Meu avô era o mais velho de 16 filhos e um dos poucos que conseguiu cursar uma faculdade e ser bem sucedido naquilo que escolheu fazer. Apesar de ter sido criado em moldes ainda bem machistas, após ter tido duas filhas e posteriormente uma neta, ele aprendeu com a vida que teria que mudar sua forma de pensar e agir, se quisesse que suas filhas tivessem uma vida plena e bem sucedida como a dele. Logo, ele se tornou o maior incentivador de todas nós. Nos ensinou a dirigir bem cedo, nos apoiou em todas as decisões que tomamos, nos incentivou a estudar e a aprender outras línguas, e quando eu disse que queria conhecer o mundo ele foi o primeiro a dizer “vai!”. O que ele me ensinou? Que quando amamos alguém, temos que ser os primeiros a impulsionar os sonhos daquela pessoa, a colocá-las SEMPRE pra cima e a querer que eles cresçam, independentemente de onde, como e quando será.

Ao longo de toda a minha vida, escutei de todos que meu pai era um desperdício de inteligência, que ele poderia estar rico e que ninguém conseguia entender suas escolhas por uma vida mais simples. Por ser autodidata e extremamente inteligente, apesar do pouco estudo que teve, ele sempre cresceu mais do que os colegas em qualquer trabalho que fazia, chamava a atenção de seus superiores positivamente e tudo indicava que tinha um futuro promissor. Por isso, foi um choque quando ele decidiu deixar seu emprego fixo na metrópole, se mudar para o interior e abrir seu próprio negócio. Ele trabalhava por conta própria, fazia seus horários, tinha tempo para se exercitar, se dedicar aos seus hobbies, mas de vez em quando passava por uns apertos financeiros. Foi severamente criticado por uma boa parte de sua vida adulta, mas parecia estar mais do que satisfeito com a vida que escolheu pra si e a defendia contra tudo e todos. A lição: não viva de acordo com as expectativas dos outros e sim de acordo com o que faz sentido pra você. Faça suas escolhas e lute para que elas deem certo.

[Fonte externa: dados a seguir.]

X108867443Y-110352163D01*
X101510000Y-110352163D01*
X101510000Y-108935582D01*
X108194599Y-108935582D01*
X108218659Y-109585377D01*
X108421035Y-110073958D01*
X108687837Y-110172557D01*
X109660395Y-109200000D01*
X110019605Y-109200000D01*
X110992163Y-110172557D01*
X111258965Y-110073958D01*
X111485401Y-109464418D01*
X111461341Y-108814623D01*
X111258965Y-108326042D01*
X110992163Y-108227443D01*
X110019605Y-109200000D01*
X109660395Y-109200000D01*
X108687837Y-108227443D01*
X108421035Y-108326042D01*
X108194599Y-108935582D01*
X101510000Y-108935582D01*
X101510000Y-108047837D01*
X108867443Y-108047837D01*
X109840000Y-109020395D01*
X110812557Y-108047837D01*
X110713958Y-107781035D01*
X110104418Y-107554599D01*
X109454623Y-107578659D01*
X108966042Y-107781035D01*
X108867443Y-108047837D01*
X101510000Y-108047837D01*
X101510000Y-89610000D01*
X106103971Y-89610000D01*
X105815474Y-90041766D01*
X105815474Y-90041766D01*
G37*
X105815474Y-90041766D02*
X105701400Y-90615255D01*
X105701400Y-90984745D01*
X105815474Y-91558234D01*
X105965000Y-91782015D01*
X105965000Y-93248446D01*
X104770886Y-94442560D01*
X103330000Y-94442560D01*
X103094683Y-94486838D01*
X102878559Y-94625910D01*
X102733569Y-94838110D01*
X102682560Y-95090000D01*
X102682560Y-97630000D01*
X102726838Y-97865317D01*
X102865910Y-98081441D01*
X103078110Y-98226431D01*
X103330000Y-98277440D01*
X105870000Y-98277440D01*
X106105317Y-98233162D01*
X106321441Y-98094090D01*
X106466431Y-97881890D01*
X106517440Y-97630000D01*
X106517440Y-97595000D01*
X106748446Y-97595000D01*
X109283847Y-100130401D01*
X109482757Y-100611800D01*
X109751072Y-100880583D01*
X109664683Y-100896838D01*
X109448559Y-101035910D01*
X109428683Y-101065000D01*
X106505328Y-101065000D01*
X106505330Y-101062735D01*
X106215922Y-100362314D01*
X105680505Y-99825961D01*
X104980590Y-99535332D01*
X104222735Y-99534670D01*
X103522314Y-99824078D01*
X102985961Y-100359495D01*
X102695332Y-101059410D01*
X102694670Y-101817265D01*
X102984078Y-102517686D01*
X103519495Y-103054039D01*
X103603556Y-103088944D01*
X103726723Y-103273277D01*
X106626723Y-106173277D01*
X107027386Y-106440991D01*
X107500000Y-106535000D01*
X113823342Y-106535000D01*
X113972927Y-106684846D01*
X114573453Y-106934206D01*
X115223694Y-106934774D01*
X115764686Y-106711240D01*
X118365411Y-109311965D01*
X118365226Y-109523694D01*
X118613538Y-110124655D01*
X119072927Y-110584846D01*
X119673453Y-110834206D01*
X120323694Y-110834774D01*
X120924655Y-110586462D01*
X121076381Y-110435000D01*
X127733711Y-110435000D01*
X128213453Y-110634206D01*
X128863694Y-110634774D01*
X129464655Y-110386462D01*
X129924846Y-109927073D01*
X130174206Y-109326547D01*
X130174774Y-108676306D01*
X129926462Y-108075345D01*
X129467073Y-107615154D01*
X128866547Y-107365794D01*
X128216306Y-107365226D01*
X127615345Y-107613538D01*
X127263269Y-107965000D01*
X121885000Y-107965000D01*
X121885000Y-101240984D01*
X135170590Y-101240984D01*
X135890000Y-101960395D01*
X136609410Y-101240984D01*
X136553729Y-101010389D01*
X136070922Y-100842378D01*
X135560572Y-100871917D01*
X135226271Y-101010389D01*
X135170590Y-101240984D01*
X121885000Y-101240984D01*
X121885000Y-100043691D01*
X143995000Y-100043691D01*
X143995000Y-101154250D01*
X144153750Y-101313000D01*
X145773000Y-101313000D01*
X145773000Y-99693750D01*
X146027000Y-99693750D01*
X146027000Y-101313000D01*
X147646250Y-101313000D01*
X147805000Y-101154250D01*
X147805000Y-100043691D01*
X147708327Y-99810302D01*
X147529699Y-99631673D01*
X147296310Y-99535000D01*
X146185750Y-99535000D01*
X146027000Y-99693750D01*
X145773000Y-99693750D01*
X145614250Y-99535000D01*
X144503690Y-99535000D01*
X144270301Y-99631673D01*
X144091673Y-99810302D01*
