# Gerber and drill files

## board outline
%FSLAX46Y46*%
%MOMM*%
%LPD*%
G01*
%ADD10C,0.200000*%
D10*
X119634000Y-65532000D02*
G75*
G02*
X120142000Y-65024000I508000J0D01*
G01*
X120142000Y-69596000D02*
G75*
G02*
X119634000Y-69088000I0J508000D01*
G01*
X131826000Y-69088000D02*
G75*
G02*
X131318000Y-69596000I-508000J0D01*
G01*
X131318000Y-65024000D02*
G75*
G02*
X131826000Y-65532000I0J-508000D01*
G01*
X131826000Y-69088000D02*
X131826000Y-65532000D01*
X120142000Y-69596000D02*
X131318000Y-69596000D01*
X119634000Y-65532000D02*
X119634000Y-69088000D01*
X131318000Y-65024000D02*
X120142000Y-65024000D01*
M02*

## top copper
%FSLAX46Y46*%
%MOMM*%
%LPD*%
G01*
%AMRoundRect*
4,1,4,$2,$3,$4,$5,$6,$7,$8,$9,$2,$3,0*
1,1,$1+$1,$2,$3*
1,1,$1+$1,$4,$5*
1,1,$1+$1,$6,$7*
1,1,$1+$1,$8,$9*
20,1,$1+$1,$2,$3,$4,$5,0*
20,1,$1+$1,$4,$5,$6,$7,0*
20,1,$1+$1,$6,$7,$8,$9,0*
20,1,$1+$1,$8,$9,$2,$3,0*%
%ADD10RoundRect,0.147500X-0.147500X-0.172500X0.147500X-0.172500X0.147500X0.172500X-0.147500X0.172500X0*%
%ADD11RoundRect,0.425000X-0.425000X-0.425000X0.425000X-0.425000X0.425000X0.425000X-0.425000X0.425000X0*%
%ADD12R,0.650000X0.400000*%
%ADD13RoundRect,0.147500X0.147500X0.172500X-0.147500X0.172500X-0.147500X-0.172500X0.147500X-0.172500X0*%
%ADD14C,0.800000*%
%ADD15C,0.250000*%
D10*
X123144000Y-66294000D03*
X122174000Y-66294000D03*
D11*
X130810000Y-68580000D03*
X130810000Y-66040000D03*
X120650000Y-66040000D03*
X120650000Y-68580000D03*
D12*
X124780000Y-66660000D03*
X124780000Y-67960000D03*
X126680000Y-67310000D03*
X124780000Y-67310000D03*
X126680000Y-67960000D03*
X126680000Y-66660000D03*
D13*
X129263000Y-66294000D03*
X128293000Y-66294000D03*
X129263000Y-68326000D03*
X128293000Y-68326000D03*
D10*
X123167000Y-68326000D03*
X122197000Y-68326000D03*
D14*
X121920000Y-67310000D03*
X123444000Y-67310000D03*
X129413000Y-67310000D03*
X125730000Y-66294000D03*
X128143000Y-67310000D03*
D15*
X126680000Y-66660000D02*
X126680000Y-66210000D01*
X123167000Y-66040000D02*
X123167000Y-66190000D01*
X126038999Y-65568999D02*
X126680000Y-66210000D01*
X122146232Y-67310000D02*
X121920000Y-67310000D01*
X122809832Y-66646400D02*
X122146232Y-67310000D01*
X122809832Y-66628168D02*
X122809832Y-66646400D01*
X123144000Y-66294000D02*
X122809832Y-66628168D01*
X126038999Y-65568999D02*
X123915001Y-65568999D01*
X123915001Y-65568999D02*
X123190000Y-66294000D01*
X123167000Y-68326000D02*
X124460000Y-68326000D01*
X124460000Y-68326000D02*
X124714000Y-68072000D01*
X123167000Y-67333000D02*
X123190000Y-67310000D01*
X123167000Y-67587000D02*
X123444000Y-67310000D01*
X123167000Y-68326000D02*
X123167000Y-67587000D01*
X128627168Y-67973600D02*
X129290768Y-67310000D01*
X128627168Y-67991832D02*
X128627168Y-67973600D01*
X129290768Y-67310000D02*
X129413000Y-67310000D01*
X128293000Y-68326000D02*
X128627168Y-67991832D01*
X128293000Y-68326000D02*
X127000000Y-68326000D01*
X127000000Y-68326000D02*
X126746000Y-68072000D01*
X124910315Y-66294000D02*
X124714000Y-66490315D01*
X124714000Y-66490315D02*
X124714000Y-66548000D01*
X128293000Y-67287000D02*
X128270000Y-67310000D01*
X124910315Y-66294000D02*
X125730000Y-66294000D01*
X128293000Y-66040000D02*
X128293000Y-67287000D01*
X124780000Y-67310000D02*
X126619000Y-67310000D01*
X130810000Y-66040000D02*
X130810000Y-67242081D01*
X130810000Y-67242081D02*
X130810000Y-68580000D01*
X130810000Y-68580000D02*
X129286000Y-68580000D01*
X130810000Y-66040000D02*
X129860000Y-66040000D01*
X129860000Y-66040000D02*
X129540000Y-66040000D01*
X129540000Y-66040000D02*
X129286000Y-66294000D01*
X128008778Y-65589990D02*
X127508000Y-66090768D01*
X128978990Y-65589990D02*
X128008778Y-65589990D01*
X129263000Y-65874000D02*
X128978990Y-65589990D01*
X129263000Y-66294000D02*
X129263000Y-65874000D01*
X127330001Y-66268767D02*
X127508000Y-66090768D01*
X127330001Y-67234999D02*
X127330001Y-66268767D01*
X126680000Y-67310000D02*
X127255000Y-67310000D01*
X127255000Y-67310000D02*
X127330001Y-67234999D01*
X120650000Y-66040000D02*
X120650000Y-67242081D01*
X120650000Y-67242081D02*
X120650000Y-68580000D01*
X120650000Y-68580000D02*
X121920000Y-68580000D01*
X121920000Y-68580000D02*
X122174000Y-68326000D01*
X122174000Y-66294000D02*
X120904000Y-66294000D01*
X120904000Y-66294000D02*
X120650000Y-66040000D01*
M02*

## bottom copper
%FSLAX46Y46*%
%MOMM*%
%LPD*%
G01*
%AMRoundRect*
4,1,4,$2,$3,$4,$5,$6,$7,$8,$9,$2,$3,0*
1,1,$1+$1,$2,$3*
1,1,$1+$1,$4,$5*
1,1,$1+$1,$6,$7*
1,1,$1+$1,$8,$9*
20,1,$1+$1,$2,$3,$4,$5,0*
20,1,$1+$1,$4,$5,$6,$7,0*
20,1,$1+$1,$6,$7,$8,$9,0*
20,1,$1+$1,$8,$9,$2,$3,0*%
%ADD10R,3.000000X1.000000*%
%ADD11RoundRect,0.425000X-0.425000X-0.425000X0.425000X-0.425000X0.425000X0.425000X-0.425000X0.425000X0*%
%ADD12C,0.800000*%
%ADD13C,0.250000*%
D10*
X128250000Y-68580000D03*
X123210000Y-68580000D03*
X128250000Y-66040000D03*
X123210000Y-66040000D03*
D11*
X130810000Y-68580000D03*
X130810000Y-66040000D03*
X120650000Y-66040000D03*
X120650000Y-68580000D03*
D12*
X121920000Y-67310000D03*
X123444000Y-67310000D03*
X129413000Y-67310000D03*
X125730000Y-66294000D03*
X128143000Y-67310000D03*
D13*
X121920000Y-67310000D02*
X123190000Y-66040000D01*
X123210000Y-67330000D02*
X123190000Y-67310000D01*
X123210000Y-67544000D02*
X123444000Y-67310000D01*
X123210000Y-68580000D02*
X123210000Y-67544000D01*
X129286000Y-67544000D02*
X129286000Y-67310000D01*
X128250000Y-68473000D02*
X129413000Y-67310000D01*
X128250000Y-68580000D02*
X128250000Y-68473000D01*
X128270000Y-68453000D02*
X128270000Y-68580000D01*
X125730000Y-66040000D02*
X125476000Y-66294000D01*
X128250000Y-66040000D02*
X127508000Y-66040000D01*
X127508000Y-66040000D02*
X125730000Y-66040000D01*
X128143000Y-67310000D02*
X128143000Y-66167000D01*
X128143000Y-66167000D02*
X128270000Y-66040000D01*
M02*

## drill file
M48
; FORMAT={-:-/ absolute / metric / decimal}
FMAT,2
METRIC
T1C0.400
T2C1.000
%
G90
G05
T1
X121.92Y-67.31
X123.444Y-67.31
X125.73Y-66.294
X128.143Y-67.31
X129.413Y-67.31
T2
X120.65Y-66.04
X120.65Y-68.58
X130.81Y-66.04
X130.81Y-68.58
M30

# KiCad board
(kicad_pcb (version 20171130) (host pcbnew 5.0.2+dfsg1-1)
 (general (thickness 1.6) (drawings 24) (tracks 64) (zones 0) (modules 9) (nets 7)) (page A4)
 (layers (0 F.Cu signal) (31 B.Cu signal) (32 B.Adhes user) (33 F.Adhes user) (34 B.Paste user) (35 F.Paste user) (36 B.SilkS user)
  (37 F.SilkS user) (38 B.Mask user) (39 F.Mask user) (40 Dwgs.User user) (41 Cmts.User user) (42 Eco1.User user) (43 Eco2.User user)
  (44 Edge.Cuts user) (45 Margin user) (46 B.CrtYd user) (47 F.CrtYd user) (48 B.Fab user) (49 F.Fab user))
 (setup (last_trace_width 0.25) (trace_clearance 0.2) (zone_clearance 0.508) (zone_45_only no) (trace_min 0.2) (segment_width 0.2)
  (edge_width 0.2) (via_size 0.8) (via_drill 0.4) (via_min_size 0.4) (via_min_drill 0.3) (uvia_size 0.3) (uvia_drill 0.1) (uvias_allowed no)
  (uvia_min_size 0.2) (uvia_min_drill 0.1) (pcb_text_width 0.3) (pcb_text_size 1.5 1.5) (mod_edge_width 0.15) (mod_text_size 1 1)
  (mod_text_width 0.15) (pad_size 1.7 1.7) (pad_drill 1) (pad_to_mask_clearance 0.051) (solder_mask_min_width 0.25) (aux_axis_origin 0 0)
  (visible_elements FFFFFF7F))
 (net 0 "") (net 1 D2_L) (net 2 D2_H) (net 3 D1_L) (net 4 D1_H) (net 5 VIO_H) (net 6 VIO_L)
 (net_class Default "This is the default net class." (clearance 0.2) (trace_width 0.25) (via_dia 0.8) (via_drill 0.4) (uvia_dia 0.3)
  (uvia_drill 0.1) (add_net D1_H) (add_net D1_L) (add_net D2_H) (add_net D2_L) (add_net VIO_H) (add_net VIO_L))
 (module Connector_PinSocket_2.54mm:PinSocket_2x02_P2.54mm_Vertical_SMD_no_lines (layer B.Cu) (at 125.73 67.31 180)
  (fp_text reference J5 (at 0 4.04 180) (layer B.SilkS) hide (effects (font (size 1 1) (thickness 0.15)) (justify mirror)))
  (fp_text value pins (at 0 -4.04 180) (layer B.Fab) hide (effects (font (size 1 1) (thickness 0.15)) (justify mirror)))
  (pad 4 smd rect (at -2.52 -1.27 180) (size 3 1) (layers B.Cu B.Paste B.Mask) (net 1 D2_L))
  (pad 3 smd rect (at 2.52 -1.27 180) (size 3 1) (layers B.Cu B.Paste B.Mask) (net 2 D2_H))
  (pad 2 smd rect (at -2.52 1.27 180) (size 3 1) (layers B.Cu B.Paste B.Mask) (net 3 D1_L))
  (pad 1 smd rect (at 2.52 1.27 180) (size 3 1) (layers B.Cu B.Paste B.Mask) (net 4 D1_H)))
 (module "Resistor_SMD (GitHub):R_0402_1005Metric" (layer F.Cu) (at 122.659 66.294)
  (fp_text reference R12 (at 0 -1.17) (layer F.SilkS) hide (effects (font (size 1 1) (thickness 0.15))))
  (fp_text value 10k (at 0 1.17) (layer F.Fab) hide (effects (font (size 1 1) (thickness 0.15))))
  (pad 2 smd roundrect (at 0.485 0) (size 0.59 0.64) (layers F.Cu F.Paste F.Mask) (roundrect_rratio 0.25) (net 4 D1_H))
  (pad 1 smd roundrect (at -0.485 0) (size 0.59 0.64) (layers F.Cu F.Paste F.Mask) (roundrect_rratio 0.25) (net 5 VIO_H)))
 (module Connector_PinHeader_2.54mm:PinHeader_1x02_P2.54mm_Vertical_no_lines (layer F.Cu) (at 130.81 66.04)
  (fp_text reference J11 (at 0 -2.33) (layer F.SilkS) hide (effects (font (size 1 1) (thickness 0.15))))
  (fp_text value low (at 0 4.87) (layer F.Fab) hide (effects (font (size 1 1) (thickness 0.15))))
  (pad 2 thru_hole roundrect (at 0 2.54) (size 1.7 1.7) (drill 1) (layers *.Cu *.Mask) (roundrect_rratio 0.25) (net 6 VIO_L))
  (pad 1 thru_hole roundrect (at 0 0) (size 1.7 1.7) (drill 1) (layers *.Cu *.Mask) (roundrect_rratio 0.25) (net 6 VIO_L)))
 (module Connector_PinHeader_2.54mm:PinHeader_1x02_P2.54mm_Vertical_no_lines (layer F.Cu) (at 120.65 66.04)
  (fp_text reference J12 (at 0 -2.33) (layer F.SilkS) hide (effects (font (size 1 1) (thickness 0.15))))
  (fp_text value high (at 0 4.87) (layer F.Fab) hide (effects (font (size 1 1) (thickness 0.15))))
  (pad 1 thru_hole roundrect (at 0 0) (size 1.7 1.7) (drill 1) (layers *.Cu *.Mask) (roundrect_rratio 0.25) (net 5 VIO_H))
  (pad 2 thru_hole roundrect (at 0 2.54) (size 1.7 1.7) (drill 1) (layers *.Cu *.Mask) (roundrect_rratio 0.25) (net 5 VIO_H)))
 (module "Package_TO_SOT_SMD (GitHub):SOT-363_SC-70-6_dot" (layer F.Cu) (at 125.73 67.31)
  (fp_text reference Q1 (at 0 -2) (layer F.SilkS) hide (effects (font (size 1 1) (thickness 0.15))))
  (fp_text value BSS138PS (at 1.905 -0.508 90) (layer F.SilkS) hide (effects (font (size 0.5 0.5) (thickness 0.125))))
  (pad 1 smd rect (at -0.95 -0.65) (size 0.65 0.4) (layers F.Cu F.Paste F.Mask) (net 3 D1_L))
  (pad 3 smd rect (at -0.95 0.65) (size 0.65 0.4) (layers F.Cu F.Paste F.Mask) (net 2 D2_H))
  (pad 5 smd rect (at 0.95 0) (size 0.65 0.4) (layers F.Cu F.Paste F.Mask) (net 6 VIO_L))
  (pad 2 smd rect (at -0.95 0) (size 0.65 0.4) (layers F.Cu F.Paste F.Mask) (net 6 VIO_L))
  (pad 4 smd rect (at 0.95 0.65) (size 0.65 0.4) (layers F.Cu F.Paste F.Mask) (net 1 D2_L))
  (pad 6 smd rect (at 0.95 -0.65) (size 0.65 0.4) (layers F.Cu F.Paste F.Mask) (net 4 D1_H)))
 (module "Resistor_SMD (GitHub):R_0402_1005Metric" (layer F.Cu) (at 128.778 66.294 180)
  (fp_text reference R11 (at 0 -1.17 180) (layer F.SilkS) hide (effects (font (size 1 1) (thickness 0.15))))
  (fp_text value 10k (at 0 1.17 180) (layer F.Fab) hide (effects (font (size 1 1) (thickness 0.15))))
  (pad 1 smd roundrect (at -0.485 0 180) (size 0.59 0.64) (layers F.Cu F.Paste F.Mask) (roundrect_rratio 0.25) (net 6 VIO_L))
  (pad 2 smd roundrect (at 0.485 0 180) (size 0.59 0.64) (layers F.Cu F.Paste F.Mask) (roundrect_rratio 0.25) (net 3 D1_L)))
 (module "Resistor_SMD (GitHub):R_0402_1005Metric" (layer F.Cu) (at 128.778 68.326 180)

O que todas essas perdas me ensinaram em conjunto foi a aproveitar ao máximo a compania das pessoas importantes que temos ao nosso redor, enquanto elas ainda estão aqui; deixar desavenças de lado e focar nos aspectos que nos unem e não naqueles que nos diferenciam; sempre que o pensamento for até alguém, mandar uma mensagem, ligar ou visitar assim que possível; compartilhar momentos felizes, para que mesmo de longe, as pessoas que amamos possam fazer parte da nossa vida, e por fim, prestar atenção no filme enquanto ele passa e não focar na fotografia de quando ele acaba.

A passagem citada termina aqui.